** Problem to work on **
Find the string "setup" in the records. Copy each line that has it.

** Records for this exercise **
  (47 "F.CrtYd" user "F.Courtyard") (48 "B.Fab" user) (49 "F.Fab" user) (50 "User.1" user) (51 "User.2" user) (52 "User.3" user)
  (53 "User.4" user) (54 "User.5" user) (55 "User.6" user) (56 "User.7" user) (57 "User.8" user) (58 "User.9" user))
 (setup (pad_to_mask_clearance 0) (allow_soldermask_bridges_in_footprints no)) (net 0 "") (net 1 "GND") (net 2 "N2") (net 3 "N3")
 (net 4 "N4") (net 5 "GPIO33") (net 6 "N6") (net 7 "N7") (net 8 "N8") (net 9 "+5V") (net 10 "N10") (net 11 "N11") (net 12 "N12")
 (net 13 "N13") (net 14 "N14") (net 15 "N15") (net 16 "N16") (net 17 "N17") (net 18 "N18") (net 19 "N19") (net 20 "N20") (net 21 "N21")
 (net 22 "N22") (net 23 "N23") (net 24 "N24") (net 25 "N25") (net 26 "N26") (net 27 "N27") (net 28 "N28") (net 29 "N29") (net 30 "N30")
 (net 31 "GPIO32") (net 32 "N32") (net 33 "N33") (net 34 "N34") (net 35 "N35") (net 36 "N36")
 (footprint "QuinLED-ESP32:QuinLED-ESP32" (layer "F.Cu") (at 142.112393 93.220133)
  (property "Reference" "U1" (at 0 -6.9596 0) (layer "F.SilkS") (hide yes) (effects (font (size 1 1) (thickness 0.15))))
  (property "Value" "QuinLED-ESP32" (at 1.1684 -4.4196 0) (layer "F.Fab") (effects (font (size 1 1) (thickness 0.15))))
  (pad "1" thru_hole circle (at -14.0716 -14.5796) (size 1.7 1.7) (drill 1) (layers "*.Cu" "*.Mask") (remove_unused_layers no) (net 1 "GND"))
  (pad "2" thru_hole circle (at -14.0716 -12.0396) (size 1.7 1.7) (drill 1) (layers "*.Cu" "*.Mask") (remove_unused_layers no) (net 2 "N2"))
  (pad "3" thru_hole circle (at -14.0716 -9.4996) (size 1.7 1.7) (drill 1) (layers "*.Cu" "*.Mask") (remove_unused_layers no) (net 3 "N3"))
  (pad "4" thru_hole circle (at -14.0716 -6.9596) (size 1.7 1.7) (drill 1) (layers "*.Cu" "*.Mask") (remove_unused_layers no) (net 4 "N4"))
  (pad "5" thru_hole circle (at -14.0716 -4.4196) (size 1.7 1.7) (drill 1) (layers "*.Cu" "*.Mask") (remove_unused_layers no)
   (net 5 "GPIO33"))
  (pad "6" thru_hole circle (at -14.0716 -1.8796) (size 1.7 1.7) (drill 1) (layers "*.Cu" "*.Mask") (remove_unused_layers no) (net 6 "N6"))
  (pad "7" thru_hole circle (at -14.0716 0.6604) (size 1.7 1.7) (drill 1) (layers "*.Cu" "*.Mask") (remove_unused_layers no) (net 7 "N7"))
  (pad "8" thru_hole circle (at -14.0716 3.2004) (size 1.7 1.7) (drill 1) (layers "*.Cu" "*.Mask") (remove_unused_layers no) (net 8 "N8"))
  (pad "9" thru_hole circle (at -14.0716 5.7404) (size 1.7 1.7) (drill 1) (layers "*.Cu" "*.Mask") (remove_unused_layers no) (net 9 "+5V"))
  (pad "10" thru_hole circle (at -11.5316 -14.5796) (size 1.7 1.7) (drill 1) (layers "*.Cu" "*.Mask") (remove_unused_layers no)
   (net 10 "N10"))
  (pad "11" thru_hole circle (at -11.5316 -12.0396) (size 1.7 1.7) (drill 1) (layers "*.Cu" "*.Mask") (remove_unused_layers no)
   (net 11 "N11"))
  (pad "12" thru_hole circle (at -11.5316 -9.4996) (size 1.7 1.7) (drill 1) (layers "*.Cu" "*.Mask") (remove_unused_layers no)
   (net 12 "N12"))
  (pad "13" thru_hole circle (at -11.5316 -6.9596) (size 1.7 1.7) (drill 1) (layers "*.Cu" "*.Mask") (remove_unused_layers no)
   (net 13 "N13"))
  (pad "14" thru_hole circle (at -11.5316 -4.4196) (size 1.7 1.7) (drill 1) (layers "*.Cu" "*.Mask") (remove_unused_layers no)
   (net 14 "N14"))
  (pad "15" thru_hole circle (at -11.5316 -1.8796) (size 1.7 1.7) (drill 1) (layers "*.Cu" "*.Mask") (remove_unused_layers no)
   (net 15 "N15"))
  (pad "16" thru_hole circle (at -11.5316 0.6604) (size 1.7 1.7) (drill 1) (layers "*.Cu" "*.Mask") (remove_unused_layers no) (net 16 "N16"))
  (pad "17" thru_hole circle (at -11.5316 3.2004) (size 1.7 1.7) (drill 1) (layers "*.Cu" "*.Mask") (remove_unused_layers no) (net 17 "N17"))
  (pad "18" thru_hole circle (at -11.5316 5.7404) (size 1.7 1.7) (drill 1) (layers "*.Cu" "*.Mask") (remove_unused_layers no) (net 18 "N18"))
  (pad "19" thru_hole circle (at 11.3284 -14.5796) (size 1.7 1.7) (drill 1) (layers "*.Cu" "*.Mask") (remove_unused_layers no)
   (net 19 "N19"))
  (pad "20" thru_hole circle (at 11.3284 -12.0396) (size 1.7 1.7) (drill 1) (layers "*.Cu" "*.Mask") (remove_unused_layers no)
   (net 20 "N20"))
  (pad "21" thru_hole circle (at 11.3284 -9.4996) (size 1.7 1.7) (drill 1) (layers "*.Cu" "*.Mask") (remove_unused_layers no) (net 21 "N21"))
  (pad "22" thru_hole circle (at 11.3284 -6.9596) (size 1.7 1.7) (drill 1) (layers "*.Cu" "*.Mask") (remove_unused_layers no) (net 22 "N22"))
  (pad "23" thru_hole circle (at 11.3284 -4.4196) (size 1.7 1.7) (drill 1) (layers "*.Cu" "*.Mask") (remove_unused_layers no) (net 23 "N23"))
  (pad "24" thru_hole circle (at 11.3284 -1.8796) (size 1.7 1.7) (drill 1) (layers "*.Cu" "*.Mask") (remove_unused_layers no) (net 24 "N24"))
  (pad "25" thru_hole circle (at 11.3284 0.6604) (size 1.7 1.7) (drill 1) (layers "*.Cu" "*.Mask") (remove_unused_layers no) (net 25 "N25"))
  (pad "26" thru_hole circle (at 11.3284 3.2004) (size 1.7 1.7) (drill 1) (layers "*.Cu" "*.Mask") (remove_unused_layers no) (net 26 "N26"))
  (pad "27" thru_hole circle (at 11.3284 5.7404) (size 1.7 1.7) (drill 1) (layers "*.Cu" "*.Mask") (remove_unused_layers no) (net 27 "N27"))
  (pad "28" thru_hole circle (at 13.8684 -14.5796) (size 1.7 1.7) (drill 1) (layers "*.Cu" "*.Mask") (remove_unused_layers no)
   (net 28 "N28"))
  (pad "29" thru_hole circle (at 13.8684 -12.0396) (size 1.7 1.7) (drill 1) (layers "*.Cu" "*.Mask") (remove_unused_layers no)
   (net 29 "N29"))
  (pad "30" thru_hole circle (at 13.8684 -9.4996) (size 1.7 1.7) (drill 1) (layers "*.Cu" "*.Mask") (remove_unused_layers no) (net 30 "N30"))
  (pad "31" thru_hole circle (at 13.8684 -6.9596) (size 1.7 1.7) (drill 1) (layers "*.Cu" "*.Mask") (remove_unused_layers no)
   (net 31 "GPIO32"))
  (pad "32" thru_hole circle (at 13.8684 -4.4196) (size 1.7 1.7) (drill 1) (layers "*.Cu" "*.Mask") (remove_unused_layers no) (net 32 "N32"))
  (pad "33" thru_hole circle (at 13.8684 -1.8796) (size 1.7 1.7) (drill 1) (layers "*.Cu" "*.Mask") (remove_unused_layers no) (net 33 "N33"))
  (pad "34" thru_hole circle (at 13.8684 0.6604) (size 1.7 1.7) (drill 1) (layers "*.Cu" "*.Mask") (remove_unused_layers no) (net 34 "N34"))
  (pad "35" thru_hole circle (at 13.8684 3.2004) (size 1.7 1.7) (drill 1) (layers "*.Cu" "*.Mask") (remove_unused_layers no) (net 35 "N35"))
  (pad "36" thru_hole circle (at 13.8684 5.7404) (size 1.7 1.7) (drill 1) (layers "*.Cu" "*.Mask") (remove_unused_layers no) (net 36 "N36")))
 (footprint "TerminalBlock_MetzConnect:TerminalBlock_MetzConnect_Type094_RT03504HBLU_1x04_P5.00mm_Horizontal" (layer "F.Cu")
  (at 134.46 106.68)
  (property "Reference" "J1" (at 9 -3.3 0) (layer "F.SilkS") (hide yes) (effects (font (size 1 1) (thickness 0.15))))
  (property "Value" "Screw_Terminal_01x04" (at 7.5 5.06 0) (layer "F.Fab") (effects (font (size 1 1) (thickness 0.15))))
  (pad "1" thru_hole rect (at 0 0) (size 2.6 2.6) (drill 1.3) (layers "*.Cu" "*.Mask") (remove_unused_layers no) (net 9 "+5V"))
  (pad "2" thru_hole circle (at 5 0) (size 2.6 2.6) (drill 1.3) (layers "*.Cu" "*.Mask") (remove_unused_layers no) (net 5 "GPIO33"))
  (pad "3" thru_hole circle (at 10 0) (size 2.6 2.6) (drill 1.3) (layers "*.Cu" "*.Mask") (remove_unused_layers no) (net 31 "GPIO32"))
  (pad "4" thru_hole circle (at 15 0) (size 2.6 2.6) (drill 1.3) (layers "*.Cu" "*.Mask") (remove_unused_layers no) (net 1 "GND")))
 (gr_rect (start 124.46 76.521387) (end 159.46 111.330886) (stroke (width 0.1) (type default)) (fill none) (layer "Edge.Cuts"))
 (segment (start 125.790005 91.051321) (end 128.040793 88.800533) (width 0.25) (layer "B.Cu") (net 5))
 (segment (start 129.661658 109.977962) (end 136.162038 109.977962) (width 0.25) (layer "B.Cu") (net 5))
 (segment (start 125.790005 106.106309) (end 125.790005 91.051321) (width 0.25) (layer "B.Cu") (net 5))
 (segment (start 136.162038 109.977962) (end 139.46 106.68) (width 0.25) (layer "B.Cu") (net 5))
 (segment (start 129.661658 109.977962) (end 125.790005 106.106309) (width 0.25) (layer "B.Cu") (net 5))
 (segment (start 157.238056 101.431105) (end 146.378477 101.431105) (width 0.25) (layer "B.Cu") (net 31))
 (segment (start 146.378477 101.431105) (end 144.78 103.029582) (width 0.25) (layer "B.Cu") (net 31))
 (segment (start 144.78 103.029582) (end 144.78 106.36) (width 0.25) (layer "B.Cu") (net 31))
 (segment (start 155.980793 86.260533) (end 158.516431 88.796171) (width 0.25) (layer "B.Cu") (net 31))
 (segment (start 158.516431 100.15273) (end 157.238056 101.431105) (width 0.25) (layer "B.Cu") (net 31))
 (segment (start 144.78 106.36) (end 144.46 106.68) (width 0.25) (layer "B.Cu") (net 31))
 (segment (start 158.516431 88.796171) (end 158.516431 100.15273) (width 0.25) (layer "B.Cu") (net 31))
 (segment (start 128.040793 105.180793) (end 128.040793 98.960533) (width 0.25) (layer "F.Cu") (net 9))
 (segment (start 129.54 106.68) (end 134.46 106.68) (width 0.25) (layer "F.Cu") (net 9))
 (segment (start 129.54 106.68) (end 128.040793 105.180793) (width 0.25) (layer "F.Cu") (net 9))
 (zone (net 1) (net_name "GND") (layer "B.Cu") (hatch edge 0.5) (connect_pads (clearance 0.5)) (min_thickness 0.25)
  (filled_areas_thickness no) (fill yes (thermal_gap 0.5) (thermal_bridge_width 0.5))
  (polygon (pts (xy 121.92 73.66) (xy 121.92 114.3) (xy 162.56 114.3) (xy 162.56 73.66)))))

--

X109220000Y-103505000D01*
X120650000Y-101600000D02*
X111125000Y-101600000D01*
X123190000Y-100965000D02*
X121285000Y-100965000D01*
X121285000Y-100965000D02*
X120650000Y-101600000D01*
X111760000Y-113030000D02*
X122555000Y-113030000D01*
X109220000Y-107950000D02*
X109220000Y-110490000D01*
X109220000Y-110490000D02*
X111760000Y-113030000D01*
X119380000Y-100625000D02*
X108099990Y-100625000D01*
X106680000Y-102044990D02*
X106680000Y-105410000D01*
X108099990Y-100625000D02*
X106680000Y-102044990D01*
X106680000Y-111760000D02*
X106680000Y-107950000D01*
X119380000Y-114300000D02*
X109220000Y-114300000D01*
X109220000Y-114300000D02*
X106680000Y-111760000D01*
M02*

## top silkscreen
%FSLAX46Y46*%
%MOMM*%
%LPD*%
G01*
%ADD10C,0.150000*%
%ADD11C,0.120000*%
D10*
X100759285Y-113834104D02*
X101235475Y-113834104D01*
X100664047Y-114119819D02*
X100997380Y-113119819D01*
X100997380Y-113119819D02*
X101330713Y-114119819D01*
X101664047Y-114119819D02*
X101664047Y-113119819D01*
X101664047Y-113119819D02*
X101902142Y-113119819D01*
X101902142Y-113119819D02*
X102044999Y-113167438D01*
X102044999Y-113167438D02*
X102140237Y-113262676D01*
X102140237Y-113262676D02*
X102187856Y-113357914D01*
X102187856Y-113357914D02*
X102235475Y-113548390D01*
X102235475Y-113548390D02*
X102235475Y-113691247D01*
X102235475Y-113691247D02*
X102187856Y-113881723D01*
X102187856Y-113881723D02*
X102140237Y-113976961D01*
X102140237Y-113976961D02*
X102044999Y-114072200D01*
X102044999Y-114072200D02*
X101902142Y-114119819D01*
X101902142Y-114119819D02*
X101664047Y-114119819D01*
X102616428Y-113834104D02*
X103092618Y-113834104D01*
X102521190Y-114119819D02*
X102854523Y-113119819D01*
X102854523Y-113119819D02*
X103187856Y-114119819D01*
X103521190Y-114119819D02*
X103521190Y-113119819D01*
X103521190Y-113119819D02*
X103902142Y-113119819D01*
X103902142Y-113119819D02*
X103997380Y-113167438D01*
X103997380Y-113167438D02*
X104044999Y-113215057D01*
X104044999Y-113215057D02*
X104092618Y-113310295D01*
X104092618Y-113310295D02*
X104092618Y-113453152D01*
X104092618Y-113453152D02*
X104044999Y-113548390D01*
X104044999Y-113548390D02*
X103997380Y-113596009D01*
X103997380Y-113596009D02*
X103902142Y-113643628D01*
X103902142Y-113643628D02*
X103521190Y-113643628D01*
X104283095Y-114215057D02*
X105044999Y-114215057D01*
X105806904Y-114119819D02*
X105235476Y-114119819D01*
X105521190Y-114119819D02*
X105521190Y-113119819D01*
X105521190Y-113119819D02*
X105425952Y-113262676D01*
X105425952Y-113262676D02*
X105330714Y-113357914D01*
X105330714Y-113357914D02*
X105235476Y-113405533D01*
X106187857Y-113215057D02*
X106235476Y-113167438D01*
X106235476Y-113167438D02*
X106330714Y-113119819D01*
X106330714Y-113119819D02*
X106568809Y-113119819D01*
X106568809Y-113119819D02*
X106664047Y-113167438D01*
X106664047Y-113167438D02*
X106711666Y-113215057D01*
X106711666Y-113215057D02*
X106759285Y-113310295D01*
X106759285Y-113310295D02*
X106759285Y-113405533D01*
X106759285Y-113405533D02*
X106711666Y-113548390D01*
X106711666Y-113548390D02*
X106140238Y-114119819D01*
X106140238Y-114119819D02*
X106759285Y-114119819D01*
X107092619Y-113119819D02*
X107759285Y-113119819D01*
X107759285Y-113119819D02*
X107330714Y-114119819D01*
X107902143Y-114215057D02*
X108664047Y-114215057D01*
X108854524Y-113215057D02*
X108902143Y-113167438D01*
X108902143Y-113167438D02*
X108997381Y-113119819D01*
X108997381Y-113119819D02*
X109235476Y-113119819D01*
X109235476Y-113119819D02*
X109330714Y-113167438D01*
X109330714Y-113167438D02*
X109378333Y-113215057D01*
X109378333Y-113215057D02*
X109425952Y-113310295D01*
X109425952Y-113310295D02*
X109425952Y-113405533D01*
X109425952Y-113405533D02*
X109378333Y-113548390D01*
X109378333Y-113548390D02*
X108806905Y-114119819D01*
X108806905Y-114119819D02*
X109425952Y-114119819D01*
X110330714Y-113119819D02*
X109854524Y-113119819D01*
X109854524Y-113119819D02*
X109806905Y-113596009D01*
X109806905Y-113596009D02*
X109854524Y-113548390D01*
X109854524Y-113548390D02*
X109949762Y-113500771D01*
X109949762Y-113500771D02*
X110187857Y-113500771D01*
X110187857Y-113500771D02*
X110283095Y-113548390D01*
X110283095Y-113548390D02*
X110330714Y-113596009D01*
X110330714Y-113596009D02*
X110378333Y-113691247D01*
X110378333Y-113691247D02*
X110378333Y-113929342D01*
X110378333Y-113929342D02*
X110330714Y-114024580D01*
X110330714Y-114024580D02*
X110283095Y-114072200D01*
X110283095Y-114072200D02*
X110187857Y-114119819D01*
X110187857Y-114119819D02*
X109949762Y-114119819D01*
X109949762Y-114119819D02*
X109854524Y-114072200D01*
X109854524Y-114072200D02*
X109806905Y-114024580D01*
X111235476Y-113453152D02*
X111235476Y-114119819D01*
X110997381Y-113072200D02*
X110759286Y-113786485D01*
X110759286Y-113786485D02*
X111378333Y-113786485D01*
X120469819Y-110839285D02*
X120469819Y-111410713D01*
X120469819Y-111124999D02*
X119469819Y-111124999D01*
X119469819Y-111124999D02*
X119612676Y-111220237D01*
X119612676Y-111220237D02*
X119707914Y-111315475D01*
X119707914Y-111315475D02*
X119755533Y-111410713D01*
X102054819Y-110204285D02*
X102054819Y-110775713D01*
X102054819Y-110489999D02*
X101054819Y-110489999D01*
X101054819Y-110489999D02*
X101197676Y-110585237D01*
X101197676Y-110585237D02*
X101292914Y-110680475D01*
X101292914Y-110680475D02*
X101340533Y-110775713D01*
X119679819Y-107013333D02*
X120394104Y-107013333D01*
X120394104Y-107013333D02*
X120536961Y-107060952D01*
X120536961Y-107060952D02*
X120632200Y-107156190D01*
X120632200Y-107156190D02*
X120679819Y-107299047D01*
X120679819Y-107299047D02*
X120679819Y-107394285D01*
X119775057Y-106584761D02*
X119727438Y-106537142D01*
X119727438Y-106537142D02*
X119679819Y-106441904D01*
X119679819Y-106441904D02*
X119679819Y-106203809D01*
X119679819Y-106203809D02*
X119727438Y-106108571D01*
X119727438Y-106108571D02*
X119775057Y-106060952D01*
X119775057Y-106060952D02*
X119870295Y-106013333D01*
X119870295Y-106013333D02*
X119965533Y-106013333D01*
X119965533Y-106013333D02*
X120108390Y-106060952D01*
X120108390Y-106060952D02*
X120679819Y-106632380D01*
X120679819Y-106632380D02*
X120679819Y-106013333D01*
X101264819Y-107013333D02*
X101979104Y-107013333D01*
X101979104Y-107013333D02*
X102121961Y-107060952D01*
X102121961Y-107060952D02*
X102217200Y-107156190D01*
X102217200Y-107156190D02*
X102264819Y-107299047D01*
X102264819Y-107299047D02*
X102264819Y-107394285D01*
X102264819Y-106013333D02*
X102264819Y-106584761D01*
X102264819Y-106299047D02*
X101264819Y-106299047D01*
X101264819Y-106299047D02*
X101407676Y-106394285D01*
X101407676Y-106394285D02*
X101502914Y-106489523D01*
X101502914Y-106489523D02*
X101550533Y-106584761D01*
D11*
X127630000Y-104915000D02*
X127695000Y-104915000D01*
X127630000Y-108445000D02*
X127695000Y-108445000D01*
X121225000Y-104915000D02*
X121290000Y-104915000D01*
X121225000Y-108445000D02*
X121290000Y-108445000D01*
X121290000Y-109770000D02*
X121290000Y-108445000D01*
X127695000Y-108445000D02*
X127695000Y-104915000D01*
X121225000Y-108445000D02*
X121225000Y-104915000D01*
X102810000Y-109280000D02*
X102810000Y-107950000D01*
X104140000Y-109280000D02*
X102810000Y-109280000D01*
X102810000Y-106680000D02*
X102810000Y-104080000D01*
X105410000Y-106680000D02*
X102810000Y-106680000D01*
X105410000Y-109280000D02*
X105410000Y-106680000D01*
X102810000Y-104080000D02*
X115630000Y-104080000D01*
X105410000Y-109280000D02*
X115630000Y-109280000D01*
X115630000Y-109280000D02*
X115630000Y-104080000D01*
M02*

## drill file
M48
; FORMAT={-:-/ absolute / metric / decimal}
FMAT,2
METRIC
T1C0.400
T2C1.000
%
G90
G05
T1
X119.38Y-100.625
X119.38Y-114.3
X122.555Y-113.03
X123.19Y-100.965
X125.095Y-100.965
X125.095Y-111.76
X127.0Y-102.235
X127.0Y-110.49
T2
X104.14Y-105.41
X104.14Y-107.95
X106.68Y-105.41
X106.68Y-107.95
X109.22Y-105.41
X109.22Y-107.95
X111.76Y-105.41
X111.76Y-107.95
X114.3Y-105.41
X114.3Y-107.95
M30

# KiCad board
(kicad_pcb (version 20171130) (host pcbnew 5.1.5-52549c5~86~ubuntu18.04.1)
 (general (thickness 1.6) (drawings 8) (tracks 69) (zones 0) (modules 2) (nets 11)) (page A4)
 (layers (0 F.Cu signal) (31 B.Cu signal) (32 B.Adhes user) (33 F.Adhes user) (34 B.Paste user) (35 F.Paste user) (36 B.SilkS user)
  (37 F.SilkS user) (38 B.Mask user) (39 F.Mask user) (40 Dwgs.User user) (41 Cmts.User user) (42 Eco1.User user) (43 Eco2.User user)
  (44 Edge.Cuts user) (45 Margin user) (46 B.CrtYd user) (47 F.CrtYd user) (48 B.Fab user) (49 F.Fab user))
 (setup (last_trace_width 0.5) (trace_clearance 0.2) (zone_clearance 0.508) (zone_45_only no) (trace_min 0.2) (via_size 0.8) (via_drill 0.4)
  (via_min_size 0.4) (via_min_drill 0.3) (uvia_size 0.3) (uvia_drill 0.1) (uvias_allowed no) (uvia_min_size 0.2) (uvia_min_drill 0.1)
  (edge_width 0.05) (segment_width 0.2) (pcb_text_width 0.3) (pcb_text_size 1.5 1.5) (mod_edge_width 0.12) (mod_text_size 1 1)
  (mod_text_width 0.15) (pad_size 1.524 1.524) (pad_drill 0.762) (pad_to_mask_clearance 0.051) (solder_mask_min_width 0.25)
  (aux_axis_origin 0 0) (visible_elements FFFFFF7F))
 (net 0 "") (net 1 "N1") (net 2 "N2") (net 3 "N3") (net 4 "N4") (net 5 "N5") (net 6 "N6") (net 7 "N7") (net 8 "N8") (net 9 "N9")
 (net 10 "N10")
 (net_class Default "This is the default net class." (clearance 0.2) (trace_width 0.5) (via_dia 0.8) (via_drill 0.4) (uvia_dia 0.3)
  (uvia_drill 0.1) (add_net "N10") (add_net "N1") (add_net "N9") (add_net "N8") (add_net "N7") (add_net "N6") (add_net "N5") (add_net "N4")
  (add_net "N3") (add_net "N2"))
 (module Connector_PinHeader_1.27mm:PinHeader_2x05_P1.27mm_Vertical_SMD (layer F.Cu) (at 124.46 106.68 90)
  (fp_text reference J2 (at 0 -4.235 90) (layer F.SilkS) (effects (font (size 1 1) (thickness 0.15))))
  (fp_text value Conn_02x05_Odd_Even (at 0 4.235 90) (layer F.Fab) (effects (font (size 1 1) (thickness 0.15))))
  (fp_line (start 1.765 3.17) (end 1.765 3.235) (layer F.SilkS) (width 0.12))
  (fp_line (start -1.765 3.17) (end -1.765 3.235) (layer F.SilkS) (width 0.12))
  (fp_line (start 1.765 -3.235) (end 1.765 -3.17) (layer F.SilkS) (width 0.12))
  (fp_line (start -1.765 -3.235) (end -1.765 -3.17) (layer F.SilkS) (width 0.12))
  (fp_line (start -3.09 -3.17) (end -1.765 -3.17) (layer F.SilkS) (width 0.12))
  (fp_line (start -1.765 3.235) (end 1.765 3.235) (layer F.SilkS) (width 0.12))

** Expected answer **
 (setup (pad_to_mask_clearance 0) (allow_soldermask_bridges_in_footprints no)) (net 0 "") (net 1 "GND") (net 2 "N2") (net 3 "N3")
 (setup (last_trace_width 0.5) (trace_clearance 0.2) (zone_clearance 0.508) (zone_45_only no) (trace_min 0.2) (via_size 0.8) (via_drill 0.4)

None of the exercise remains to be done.